### Available records
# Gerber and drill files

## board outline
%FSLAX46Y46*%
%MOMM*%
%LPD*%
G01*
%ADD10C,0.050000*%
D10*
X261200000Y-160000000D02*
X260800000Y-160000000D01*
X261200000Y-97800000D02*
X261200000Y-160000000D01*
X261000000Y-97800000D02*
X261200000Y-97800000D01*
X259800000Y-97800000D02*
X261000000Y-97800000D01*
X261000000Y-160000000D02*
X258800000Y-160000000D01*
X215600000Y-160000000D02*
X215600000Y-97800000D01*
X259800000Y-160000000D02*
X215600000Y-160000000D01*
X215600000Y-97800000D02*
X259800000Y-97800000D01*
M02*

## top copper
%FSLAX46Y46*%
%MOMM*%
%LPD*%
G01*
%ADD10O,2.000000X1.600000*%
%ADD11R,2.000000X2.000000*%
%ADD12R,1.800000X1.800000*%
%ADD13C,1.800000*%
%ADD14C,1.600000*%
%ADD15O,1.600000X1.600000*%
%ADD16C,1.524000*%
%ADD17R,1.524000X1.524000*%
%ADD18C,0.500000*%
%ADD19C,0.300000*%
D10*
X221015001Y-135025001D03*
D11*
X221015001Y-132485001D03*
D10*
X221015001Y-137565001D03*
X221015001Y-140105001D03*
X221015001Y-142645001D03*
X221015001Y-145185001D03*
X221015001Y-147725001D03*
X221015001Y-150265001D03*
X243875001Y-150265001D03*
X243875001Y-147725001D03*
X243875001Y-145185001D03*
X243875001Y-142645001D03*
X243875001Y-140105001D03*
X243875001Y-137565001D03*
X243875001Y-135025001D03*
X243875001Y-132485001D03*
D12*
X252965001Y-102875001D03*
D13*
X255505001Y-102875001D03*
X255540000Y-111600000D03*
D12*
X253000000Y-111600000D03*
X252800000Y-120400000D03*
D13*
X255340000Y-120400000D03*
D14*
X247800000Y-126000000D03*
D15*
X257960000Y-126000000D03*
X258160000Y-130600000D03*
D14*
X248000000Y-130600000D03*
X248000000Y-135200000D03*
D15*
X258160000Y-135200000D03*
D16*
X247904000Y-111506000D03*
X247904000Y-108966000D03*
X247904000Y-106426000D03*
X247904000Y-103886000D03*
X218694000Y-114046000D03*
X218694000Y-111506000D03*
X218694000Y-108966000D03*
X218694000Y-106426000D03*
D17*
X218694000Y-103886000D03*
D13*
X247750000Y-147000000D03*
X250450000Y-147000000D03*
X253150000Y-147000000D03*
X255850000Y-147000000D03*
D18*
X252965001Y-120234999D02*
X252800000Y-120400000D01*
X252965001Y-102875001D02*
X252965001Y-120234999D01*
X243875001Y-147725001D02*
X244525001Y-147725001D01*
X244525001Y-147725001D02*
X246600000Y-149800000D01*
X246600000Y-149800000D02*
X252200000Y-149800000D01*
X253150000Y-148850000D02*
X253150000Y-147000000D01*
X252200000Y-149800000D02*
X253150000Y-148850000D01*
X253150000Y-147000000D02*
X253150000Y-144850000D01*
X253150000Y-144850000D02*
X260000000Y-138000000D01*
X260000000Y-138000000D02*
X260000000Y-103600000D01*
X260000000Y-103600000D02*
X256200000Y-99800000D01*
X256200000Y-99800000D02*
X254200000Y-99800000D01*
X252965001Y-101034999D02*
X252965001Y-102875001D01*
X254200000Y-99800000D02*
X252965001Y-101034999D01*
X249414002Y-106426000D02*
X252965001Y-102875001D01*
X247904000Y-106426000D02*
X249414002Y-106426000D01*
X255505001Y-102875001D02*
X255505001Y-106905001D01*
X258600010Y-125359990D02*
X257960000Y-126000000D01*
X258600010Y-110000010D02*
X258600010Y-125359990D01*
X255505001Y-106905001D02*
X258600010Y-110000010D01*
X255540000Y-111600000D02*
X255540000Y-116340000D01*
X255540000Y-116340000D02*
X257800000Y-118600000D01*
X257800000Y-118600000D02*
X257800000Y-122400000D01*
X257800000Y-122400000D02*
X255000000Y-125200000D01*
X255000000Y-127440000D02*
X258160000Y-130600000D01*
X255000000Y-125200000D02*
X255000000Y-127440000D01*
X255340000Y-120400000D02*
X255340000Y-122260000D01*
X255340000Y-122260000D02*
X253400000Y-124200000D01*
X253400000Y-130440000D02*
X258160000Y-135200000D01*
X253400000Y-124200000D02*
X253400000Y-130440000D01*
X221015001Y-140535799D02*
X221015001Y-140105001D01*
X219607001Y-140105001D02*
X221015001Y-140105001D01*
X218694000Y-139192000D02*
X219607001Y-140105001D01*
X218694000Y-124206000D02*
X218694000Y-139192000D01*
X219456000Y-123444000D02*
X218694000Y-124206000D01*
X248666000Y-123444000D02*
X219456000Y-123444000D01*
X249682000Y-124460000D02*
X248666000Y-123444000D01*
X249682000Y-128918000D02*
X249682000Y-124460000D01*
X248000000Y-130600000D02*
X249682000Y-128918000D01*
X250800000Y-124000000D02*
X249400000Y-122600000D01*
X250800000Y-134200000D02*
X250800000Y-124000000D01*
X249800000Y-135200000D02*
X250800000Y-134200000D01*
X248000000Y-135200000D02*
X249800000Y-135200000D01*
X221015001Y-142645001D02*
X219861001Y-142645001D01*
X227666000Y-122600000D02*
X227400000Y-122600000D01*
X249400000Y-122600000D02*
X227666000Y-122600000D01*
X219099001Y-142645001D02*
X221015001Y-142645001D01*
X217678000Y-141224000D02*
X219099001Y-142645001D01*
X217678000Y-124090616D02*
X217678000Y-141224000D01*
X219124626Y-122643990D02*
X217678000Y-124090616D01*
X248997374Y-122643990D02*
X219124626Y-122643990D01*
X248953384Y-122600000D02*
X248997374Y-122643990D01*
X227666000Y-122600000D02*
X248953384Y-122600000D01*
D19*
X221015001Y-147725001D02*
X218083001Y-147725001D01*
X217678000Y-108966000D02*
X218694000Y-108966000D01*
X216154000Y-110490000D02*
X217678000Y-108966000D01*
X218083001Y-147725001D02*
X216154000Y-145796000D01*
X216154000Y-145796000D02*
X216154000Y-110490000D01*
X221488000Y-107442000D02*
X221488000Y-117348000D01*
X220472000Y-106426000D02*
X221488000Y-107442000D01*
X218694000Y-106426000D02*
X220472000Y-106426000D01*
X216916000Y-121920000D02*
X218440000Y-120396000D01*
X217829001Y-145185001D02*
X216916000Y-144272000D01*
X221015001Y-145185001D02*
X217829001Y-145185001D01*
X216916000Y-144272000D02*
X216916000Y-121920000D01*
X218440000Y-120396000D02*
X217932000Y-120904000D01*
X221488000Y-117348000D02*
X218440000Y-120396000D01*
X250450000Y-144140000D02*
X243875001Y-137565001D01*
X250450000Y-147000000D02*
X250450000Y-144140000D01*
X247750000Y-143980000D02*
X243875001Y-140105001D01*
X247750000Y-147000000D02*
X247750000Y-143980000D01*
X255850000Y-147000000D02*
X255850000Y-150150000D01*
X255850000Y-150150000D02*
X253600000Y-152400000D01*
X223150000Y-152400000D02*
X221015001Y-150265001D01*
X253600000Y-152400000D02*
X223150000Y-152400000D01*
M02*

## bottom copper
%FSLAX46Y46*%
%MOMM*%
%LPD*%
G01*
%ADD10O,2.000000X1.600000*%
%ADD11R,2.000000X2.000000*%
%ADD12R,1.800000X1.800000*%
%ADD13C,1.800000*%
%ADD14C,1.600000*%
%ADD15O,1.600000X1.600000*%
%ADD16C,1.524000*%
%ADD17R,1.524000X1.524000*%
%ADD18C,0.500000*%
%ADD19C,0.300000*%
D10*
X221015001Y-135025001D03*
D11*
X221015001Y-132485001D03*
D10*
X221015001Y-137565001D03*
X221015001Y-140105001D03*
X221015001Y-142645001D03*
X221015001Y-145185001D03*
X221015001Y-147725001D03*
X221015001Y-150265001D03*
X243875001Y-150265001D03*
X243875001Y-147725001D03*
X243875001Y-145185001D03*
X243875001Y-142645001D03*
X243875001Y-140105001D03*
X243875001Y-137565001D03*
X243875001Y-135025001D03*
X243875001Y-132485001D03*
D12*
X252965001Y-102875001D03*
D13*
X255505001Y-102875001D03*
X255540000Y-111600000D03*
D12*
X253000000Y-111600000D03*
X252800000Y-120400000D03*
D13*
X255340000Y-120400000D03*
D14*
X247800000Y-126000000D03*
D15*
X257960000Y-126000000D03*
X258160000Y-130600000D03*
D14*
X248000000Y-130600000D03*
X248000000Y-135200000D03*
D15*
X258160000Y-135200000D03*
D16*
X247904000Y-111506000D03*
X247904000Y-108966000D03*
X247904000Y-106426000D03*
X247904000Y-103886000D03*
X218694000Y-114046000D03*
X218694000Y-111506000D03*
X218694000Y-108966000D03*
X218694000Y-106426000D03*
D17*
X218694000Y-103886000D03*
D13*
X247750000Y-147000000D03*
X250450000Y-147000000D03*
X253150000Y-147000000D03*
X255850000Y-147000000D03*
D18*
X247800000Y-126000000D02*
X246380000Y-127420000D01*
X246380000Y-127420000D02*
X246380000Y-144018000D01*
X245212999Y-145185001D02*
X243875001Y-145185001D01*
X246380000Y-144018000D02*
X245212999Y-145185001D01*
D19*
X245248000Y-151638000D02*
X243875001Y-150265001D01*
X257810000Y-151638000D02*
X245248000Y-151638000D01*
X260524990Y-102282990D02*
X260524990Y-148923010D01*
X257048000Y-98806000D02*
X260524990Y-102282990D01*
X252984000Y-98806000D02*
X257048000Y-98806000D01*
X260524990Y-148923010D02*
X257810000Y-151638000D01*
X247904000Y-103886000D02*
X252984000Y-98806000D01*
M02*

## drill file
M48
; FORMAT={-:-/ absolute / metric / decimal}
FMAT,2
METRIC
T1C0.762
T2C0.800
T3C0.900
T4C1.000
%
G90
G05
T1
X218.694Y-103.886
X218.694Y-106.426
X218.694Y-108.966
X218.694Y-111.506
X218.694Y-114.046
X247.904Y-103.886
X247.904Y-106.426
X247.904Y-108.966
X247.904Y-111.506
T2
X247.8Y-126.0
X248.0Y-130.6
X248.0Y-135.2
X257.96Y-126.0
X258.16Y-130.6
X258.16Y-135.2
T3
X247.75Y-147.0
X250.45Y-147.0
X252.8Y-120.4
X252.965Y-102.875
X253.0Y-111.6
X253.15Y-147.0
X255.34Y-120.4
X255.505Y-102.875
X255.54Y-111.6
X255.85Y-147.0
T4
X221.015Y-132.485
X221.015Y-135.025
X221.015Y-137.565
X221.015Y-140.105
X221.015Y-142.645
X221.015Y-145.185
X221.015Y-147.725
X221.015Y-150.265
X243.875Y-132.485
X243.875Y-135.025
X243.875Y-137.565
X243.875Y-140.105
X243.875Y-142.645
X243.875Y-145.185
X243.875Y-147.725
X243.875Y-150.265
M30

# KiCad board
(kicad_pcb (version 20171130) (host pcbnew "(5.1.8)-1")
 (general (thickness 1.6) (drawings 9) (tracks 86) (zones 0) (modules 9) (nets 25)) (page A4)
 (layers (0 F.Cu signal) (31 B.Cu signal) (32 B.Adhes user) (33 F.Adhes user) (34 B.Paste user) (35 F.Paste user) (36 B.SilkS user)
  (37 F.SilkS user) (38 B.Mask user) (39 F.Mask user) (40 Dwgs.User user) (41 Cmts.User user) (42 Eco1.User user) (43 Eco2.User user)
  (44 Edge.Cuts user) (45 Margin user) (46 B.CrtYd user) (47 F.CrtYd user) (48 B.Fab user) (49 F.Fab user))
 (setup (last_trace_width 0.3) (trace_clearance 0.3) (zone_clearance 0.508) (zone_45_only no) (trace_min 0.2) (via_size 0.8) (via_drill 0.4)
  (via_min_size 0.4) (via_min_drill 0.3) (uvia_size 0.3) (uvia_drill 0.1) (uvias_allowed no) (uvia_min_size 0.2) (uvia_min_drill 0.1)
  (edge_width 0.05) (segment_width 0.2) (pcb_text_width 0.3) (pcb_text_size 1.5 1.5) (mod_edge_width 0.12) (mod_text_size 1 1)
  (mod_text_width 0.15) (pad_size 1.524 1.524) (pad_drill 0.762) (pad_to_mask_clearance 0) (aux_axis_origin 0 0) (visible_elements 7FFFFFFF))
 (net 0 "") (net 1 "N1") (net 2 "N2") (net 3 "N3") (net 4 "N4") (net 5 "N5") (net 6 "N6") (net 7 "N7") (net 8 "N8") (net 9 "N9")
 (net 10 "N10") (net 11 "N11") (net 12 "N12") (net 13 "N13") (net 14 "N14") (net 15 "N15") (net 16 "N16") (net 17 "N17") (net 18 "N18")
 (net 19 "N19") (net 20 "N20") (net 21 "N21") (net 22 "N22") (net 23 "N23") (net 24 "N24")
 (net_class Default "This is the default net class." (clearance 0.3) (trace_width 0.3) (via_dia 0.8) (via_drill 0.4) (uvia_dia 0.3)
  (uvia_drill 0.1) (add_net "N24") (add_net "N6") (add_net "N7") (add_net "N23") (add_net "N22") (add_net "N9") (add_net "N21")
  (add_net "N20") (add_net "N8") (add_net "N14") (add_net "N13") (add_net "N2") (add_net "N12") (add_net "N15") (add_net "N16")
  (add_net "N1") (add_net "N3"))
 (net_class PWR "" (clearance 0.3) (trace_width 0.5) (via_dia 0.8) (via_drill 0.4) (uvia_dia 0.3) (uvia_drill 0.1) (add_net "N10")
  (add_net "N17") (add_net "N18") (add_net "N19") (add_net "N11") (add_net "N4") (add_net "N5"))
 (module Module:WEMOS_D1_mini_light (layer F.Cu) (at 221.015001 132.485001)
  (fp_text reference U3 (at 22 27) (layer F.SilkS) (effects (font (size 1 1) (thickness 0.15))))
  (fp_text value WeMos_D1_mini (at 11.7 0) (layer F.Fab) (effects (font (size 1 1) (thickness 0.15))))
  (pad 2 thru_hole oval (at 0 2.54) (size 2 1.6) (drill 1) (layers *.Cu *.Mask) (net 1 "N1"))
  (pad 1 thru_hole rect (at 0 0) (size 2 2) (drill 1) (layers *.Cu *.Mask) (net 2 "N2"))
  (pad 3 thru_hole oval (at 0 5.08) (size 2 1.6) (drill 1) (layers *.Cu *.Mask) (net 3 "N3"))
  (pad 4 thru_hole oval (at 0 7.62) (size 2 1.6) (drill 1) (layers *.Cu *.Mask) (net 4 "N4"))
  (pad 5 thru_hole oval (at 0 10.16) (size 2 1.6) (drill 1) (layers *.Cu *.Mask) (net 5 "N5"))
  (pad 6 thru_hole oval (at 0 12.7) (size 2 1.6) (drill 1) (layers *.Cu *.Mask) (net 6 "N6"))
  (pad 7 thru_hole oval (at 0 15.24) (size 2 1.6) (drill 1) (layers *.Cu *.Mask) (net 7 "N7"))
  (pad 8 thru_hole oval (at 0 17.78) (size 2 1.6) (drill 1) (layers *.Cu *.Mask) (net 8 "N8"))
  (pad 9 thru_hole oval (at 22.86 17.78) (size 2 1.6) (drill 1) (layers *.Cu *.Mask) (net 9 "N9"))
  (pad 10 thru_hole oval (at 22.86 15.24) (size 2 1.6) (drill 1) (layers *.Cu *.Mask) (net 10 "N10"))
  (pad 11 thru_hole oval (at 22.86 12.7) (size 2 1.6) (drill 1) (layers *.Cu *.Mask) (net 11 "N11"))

### Work instruction
Quote exactly the first line of the data and every line after it through the one holding "X253150000Y-144850000D01*".

### Answer section
# Gerber and drill files

## board outline
%FSLAX46Y46*%
%MOMM*%
%LPD*%
G01*
%ADD10C,0.050000*%
D10*
X261200000Y-160000000D02*
X260800000Y-160000000D01*
X261200000Y-97800000D02*
X261200000Y-160000000D01*
X261000000Y-97800000D02*
X261200000Y-97800000D01*
X259800000Y-97800000D02*
X261000000Y-97800000D01*
X261000000Y-160000000D02*
X258800000Y-160000000D01*
X215600000Y-160000000D02*
X215600000Y-97800000D01*
X259800000Y-160000000D02*
X215600000Y-160000000D01*
X215600000Y-97800000D02*
X259800000Y-97800000D01*
M02*

## top copper
%FSLAX46Y46*%
%MOMM*%
%LPD*%
G01*
%ADD10O,2.000000X1.600000*%
%ADD11R,2.000000X2.000000*%
%ADD12R,1.800000X1.800000*%
%ADD13C,1.800000*%
%ADD14C,1.600000*%
%ADD15O,1.600000X1.600000*%
%ADD16C,1.524000*%
%ADD17R,1.524000X1.524000*%
%ADD18C,0.500000*%
%ADD19C,0.300000*%
D10*
X221015001Y-135025001D03*
D11*
X221015001Y-132485001D03*
D10*
X221015001Y-137565001D03*
X221015001Y-140105001D03*
X221015001Y-142645001D03*
X221015001Y-145185001D03*
X221015001Y-147725001D03*
X221015001Y-150265001D03*
X243875001Y-150265001D03*
X243875001Y-147725001D03*
X243875001Y-145185001D03*
X243875001Y-142645001D03*
X243875001Y-140105001D03*
X243875001Y-137565001D03*
X243875001Y-135025001D03*
X243875001Y-132485001D03*
D12*
X252965001Y-102875001D03*
D13*
X255505001Y-102875001D03*
X255540000Y-111600000D03*
D12*
X253000000Y-111600000D03*
X252800000Y-120400000D03*
D13*
X255340000Y-120400000D03*
D14*
X247800000Y-126000000D03*
D15*
X257960000Y-126000000D03*
X258160000Y-130600000D03*
D14*
X248000000Y-130600000D03*
X248000000Y-135200000D03*
D15*
X258160000Y-135200000D03*
D16*
X247904000Y-111506000D03*
X247904000Y-108966000D03*
X247904000Y-106426000D03*
X247904000Y-103886000D03*
X218694000Y-114046000D03*
X218694000Y-111506000D03*
X218694000Y-108966000D03*
X218694000Y-106426000D03*
D17*
X218694000Y-103886000D03*
D13*
X247750000Y-147000000D03*
X250450000Y-147000000D03*
X253150000Y-147000000D03*
X255850000Y-147000000D03*
D18*
X252965001Y-120234999D02*
X252800000Y-120400000D01*
X252965001Y-102875001D02*
X252965001Y-120234999D01*
X243875001Y-147725001D02*
X244525001Y-147725001D01*
X244525001Y-147725001D02*
X246600000Y-149800000D01*
X246600000Y-149800000D02*
X252200000Y-149800000D01*
X253150000Y-148850000D02*
X253150000Y-147000000D01*
X252200000Y-149800000D02*
X253150000Y-148850000D01*
X253150000Y-147000000D02*
X253150000Y-144850000D01*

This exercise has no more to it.